The provision allowing DPS to offset employer contributions to the extent of debt service continues “until the DPS Division’s ratio of unfunded actuarial accrued liabilities to payroll equals the School Division’s” as stated at the top of page 62 of the PERA CAFR for 2008. The funded status of the new DPS Division will undoubtedly drop as assets are liquidated to pay benefits, but PERA cannot take steps to inappropriately lower the funded status of the DPS Division because that would violate its fiduciary responsibility. Therefore it is in PERA’s interest to raise the funded status of the School Division as quickly as possible to meet the naturally declining funded status of the DPS Division, thereby ending the DPS offset to the employer contributions. The longer it takes to equalize the divisions, the more cash PERA loses to the DPS offset.

One of the quickest ways to raise the funded status is to eliminate or greatly reduce the 3.5% annual increase of the PERA retirees. Using rough numbers extrapolated from the benefit payments information on page 27 of PERA’s CAFR, eliminating the annual increase for 2010, which can happen since the Consumer Price Index is expected to be zero, will save the payment of $50-$60 million or thereabouts from the School Division and around $100 million overall for PERA. Saving the payment of tens of millions of dollars per year by reducing the annual adjustments will raise the funded status and hasten the day when the DPS offset must end. This is a major factor behind the PERA legislative proposal in my opinion because it connects all of the dots!

PERA has apparently seized upon the opportunity presented by the economic downturn to use that as a plausible excuse to make big changes, despite Executive Director Meredith Williams’ statement in the Retiree Report of November, 2008, “...we don’t want to overreact to short-term economic turmoil. Our goal is to keep a steady hand in rough waters so that we can protect our promise to you.” See http://www.copera.org/pdf/Newsletters/RetireeReport/RR11-08.pdf. That statement was made, however, before the law was passed requiring PERA to acquire DPSRS.

It is true that the markets declined badly in 2008. But the markets have also recovered substantially in 2009. Jennifer Paquette, PERA’s Chief Investment Officer, reported at the Board of Trustees meeting on November 20, 2009, that PERA’s investments were up about 20% for the year and investments in emerging markets were up a whopping 75% for the year. Couple this information with the table mentioned earlier showing that PERA’s funded status is manageable or nearly so based on provisions currently provided in the law and one can only conclude that a crisis situation does not exist.
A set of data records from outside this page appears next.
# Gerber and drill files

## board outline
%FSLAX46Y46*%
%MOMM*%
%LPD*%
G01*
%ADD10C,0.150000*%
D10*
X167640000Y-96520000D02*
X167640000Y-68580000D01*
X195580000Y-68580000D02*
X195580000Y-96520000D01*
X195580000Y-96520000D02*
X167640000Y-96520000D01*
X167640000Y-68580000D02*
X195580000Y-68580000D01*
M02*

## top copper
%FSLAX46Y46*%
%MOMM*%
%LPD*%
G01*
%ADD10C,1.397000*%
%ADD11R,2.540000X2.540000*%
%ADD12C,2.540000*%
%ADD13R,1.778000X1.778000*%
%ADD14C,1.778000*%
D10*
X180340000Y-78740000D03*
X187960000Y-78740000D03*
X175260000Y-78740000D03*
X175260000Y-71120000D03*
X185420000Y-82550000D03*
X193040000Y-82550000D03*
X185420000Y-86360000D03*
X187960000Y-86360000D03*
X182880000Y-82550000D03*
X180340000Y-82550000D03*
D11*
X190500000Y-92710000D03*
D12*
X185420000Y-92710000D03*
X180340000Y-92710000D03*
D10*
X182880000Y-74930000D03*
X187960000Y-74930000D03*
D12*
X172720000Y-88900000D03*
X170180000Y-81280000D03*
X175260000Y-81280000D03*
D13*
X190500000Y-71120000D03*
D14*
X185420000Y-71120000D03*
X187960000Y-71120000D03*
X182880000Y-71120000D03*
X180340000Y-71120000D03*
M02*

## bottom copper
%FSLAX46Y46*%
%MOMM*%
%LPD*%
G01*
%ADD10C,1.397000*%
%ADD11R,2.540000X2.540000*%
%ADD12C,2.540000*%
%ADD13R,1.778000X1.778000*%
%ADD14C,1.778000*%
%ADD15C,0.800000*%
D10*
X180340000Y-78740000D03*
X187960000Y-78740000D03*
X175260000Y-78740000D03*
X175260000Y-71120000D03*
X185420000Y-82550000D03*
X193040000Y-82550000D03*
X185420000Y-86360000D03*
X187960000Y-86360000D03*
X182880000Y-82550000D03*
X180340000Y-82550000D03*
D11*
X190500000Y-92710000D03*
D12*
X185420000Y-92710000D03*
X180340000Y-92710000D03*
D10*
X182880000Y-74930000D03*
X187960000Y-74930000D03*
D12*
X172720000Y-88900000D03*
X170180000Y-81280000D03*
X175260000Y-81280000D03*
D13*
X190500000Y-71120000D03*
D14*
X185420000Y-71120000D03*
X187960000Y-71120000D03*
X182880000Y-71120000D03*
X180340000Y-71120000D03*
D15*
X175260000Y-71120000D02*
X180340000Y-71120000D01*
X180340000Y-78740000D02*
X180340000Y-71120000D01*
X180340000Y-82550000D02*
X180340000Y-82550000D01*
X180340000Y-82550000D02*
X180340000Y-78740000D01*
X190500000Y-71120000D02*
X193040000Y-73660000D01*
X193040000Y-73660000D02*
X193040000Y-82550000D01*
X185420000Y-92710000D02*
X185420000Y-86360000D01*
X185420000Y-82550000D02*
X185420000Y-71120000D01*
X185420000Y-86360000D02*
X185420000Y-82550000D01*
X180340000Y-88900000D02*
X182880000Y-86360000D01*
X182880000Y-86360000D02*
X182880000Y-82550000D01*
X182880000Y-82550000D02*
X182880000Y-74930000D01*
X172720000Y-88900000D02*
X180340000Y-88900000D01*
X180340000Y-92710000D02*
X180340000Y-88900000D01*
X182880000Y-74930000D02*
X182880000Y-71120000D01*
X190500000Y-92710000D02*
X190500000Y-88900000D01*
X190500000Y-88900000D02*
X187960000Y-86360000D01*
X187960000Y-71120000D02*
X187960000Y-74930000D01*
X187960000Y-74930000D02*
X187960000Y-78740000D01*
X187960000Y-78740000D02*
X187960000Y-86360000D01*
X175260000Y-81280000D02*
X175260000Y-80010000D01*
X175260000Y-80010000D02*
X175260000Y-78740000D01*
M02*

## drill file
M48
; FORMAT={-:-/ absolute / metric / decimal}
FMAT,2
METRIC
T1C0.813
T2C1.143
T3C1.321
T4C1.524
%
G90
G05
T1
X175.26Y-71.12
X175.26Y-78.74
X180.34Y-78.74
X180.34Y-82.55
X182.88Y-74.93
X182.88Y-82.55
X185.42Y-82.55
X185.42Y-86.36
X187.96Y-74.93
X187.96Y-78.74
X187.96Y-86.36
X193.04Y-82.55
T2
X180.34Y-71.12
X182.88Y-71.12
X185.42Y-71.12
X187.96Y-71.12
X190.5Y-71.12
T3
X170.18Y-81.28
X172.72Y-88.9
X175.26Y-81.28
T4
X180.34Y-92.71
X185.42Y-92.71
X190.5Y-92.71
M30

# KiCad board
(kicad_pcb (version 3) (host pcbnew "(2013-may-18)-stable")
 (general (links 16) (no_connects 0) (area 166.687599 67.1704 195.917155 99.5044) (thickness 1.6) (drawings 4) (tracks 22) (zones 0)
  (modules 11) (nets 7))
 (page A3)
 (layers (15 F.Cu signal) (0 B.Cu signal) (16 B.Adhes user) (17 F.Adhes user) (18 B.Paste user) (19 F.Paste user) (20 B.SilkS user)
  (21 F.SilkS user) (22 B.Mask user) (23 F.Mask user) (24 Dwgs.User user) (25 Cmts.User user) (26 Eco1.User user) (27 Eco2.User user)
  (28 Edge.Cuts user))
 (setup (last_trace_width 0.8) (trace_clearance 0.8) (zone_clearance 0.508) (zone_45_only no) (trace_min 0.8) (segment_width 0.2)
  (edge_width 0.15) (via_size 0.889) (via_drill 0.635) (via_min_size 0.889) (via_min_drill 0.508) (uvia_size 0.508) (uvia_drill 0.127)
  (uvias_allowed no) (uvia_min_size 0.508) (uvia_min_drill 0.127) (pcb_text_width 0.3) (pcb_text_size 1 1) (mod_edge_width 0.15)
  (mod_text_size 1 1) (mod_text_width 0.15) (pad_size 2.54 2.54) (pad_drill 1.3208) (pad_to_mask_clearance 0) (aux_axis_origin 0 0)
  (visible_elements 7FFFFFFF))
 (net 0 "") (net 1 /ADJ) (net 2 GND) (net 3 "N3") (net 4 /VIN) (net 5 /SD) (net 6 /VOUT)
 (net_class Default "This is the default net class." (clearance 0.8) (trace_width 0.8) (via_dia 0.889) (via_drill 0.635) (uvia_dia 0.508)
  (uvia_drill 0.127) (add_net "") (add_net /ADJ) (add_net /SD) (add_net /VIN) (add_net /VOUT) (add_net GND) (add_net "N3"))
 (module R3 (layer F.Cu) (at 184.15 78.74) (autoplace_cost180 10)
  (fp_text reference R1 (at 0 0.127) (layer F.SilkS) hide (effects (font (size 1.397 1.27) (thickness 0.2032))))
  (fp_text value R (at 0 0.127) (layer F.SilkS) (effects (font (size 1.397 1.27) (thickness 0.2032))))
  (pad 1 thru_hole circle (at -3.81 0) (size 1.397 1.397) (drill 0.8128) (layers *.Cu *.Mask F.SilkS) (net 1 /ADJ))
  (pad 2 thru_hole circle (at 3.81 0) (size 1.397 1.397) (drill 0.8128) (layers *.Cu *.Mask F.SilkS) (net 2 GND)))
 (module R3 (layer F.Cu) (at 175.26 74.93 90) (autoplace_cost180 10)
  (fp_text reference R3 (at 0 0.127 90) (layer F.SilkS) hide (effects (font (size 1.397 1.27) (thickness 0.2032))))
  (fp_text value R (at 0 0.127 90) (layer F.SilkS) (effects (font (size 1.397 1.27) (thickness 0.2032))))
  (pad 1 thru_hole circle (at -3.81 0 90) (size 1.397 1.397) (drill 0.8128) (layers *.Cu *.Mask F.SilkS) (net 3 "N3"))
  (pad 2 thru_hole circle (at 3.81 0 90) (size 1.397 1.397) (drill 0.8128) (layers *.Cu *.Mask F.SilkS) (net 1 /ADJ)))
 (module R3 (layer F.Cu) (at 189.23 82.55) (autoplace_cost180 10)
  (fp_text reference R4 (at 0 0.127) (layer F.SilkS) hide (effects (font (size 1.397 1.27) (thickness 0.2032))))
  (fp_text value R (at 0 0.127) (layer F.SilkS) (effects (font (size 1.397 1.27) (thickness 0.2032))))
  (pad 1 thru_hole circle (at -3.81 0) (size 1.397 1.397) (drill 0.8128) (layers *.Cu *.Mask F.SilkS) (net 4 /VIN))
  (pad 2 thru_hole circle (at 3.81 0) (size 1.397 1.397) (drill 0.8128) (layers *.Cu *.Mask F.SilkS) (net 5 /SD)))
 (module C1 (layer F.Cu) (at 186.69 86.36)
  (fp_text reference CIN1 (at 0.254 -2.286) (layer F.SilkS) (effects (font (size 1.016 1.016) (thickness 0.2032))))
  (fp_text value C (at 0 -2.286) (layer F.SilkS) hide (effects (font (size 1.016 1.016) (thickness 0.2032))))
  (pad 1 thru_hole circle (at -1.27 0) (size 1.397 1.397) (drill 0.8128) (layers *.Cu *.Mask F.SilkS) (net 4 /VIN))
  (pad 2 thru_hole circle (at 1.27 0) (size 1.397 1.397) (drill 0.8128) (layers *.Cu *.Mask F.SilkS) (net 2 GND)))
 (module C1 (layer F.Cu) (at 181.61 82.55 180)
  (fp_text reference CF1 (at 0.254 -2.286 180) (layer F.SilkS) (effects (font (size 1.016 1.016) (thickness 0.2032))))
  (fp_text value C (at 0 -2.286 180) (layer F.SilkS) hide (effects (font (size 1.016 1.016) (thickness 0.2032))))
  (pad 1 thru_hole circle (at -1.27 0 180) (size 1.397 1.397) (drill 0.8128) (layers *.Cu *.Mask F.SilkS) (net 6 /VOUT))
  (pad 2 thru_hole circle (at 1.27 0 180) (size 1.397 1.397) (drill 0.8128) (layers *.Cu *.Mask F.SilkS) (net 1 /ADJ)))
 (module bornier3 (layer F.Cu) (at 185.42 92.71 180)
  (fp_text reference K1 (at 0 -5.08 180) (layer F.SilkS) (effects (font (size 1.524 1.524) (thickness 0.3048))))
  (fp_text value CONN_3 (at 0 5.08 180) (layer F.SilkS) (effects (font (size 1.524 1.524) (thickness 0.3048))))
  (pad 1 thru_hole rect (at -5.08 0 180) (size 2.54 2.54) (drill 1.524) (layers *.Cu *.Mask F.SilkS) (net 2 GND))
  (pad 2 thru_hole circle (at 0 0 180) (size 2.54 2.54) (drill 1.524) (layers *.Cu *.Mask F.SilkS) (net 4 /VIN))
  (pad 3 thru_hole circle (at 5.08 0 180) (size 2.54 2.54) (drill 1.524) (layers *.Cu *.Mask F.SilkS) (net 6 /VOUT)))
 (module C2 (layer F.Cu) (at 185.42 74.93)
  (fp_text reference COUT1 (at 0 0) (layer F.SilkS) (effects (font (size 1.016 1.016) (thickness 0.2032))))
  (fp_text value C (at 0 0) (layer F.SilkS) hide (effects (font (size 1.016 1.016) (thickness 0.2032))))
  (pad 1 thru_hole circle (at -2.54 0) (size 1.397 1.397) (drill 0.8128) (layers *.Cu *.Mask F.SilkS) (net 6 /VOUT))
  (pad 2 thru_hole circle (at 2.54 0) (size 1.397 1.397) (drill 0.8128) (layers *.Cu *.Mask F.SilkS) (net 2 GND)))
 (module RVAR (layer F.Cu) (at 172.72 85.09 180)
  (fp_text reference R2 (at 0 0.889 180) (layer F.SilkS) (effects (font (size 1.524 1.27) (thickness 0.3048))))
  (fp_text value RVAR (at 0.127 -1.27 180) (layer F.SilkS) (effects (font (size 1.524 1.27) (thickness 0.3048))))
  (pad 1 thru_hole circle (at 0 -3.81 180) (size 2.54 2.54) (drill 1.3208) (layers *.Cu *.Mask F.SilkS) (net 6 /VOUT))
  (pad 3 thru_hole circle (at 2.54 3.81 180) (size 2.54 2.54) (drill 1.3208) (layers *.Cu *.Mask F.SilkS))
  (pad 2 thru_hole circle (at -2.54 3.81 180) (size 2.54 2.54) (drill 1.3208) (layers *.Cu *.Mask F.SilkS) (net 3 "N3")))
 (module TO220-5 (layer F.Cu) (at 185.42 68.58 90)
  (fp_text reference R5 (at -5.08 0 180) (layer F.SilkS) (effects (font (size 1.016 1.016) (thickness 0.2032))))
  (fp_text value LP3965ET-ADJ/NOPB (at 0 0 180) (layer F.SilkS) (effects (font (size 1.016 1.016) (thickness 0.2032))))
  (pad 1 thru_hole rect (at -2.54 5.08 90) (size 1.778 1.778) (drill 1.143) (layers *.Cu *.Mask F.SilkS) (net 5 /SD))
  (pad 2 thru_hole circle (at -2.54 0 90) (size 1.778 1.778) (drill 1.143) (layers *.Cu *.Mask F.SilkS) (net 4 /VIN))
  (pad 3 thru_hole circle (at -2.54 2.54 90) (size 1.778 1.778) (drill 1.143) (layers *.Cu *.Mask F.SilkS) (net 2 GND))
  (pad 4 thru_hole circle (at -2.54 -2.54 90) (size 1.778 1.778) (drill 1.143) (layers *.Cu *.Mask F.SilkS) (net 6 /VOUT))
  (pad 5 thru_hole circle (at -2.54 -5.08 90) (size 1.778 1.778) (drill 1.143) (layers *.Cu *.Mask F.SilkS) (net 1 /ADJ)))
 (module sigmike (layer F.Cu) (at 170.815 74.93)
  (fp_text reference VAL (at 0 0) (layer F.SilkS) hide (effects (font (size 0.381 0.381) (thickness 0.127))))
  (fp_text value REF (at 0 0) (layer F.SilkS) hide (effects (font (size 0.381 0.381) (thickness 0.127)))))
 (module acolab (layer F.Cu) (at 172.72 93.345)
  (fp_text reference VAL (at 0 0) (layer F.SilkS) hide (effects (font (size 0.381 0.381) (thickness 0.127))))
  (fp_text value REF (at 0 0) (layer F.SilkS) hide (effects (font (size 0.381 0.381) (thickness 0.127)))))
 (gr_line (start 167.64 96.52) (end 167.64 68.58) (angle 90) (layer Edge.Cuts) (width 0.15))
 (gr_line (start 195.58 68.58) (end 195.58 96.52) (angle 90) (layer Edge.Cuts) (width 0.15))
 (gr_line (start 195.58 96.52) (end 167.64 96.52) (angle 90) (layer Edge.Cuts) (width 0.15))
 (gr_line (start 167.64 68.58) (end 195.58 68.58) (angle 90) (layer Edge.Cuts) (width 0.15))
 (segment (start 175.26 71.12) (end 180.34 71.12) (width 0.8) (layer B.Cu) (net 1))
 (segment (start 180.34 78.74) (end 180.34 71.12) (width 0.8) (layer B.Cu) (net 1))
 (segment (start 180.34 82.55) (end 180.34 82.55) (width 0.8) (layer B.Cu) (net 1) (status 10))
 (segment (start 180.34 82.55) (end 180.34 78.74) (width 0.8) (layer B.Cu) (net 1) (status 10))
 (segment (start 190.5 71.12) (end 193.04 73.66) (width 0.8) (layer B.Cu) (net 5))
 (segment (start 193.04 73.66) (end 193.04 82.55) (width 0.8) (layer B.Cu) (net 5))
 (segment (start 185.42 92.71) (end 185.42 86.36) (width 0.8) (layer B.Cu) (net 4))
 (segment (start 185.42 82.55) (end 185.42 71.12) (width 0.8) (layer B.Cu) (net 4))
 (segment (start 185.42 86.36) (end 185.42 82.55) (width 0.8) (layer B.Cu) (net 4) (status 10))
 (segment (start 180.34 88.9) (end 182.88 86.36) (width 0.8) (layer B.Cu) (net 6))
 (segment (start 182.88 86.36) (end 182.88 82.55) (width 0.8) (layer B.Cu) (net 6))
 (segment (start 182.88 82.55) (end 182.88 74.93) (width 0.8) (layer B.Cu) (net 6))
 (segment (start 172.72 88.9) (end 180.34 88.9) (width 0.8) (layer B.Cu) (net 6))
 (segment (start 180.34 92.71) (end 180.34 88.9) (width 0.8) (layer B.Cu) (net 6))
 (segment (start 182.88 74.93) (end 182.88 71.12) (width 0.8) (layer B.Cu) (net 6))
 (segment (start 190.5 92.71) (end 190.5 88.9) (width 0.8) (layer B.Cu) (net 2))
 (segment (start 190.5 88.9) (end 187.96 86.36) (width 0.8) (layer B.Cu) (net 2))
 (segment (start 187.96 71.12) (end 187.96 74.93) (width 0.8) (layer B.Cu) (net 2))
 (segment (start 187.96 74.93) (end 187.96 78.74) (width 0.8) (layer B.Cu) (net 2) (status 10))
 (segment (start 187.96 78.74) (end 187.96 86.36) (width 0.8) (layer B.Cu) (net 2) (status 10))
 (segment (start 175.26 81.28) (end 175.26 80.01) (width 0.8) (layer B.Cu) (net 3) (status 10))
 (segment (start 175.26 80.01) (end 175.26 78.74) (width 0.8) (layer B.Cu) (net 3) (status 20)))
During the PERA Board meeting on December 18, 2009, a representative of ColoradoWINS suggested making lesser changes at this time and then seeing what else might be needed later. PERA Board member Marcus Pennell replied, “I’d like to address the discussion you had about stabilizing the patient. One of the problems with that approach is simply that we can’t make changes of this nature to the pension plan without actuarial necessity. If you make some percentage of changes that need to be made and it gets you out of actuarial necessity but not healed, you don’t have the opportunity to treat the patient any more and they live with the injury as it is.” Mr. Pennell was advocating for the need to approve the proposal as a complete package because doing something less may take away the actuarial necessity argument and thereby prevent PERA from getting all of the changes it seeks. Isn’t that an admission that all of the proposed changes really are not needed but PERA is trying to make unjustified changes by bundling the package and claiming that it is an inseparable whole?

It is my conclusion that published material from PERA’s own actuarial consulting firm shows that actuarial necessity for PERA’s legislative proposal does not exist. PERA seems to be inheriting a significant cash flow problem regarding the acquisition of DPSRS, but that problem should not be solved by reducing the fully vested, guaranteed benefits of retirees and future retirees. Updated, verified information is an absolute necessity before proposed legislation goes forward. PERA’s funded status should be improved, but changes that result in breach of contract or violation of the Colorado Constitution are not justified.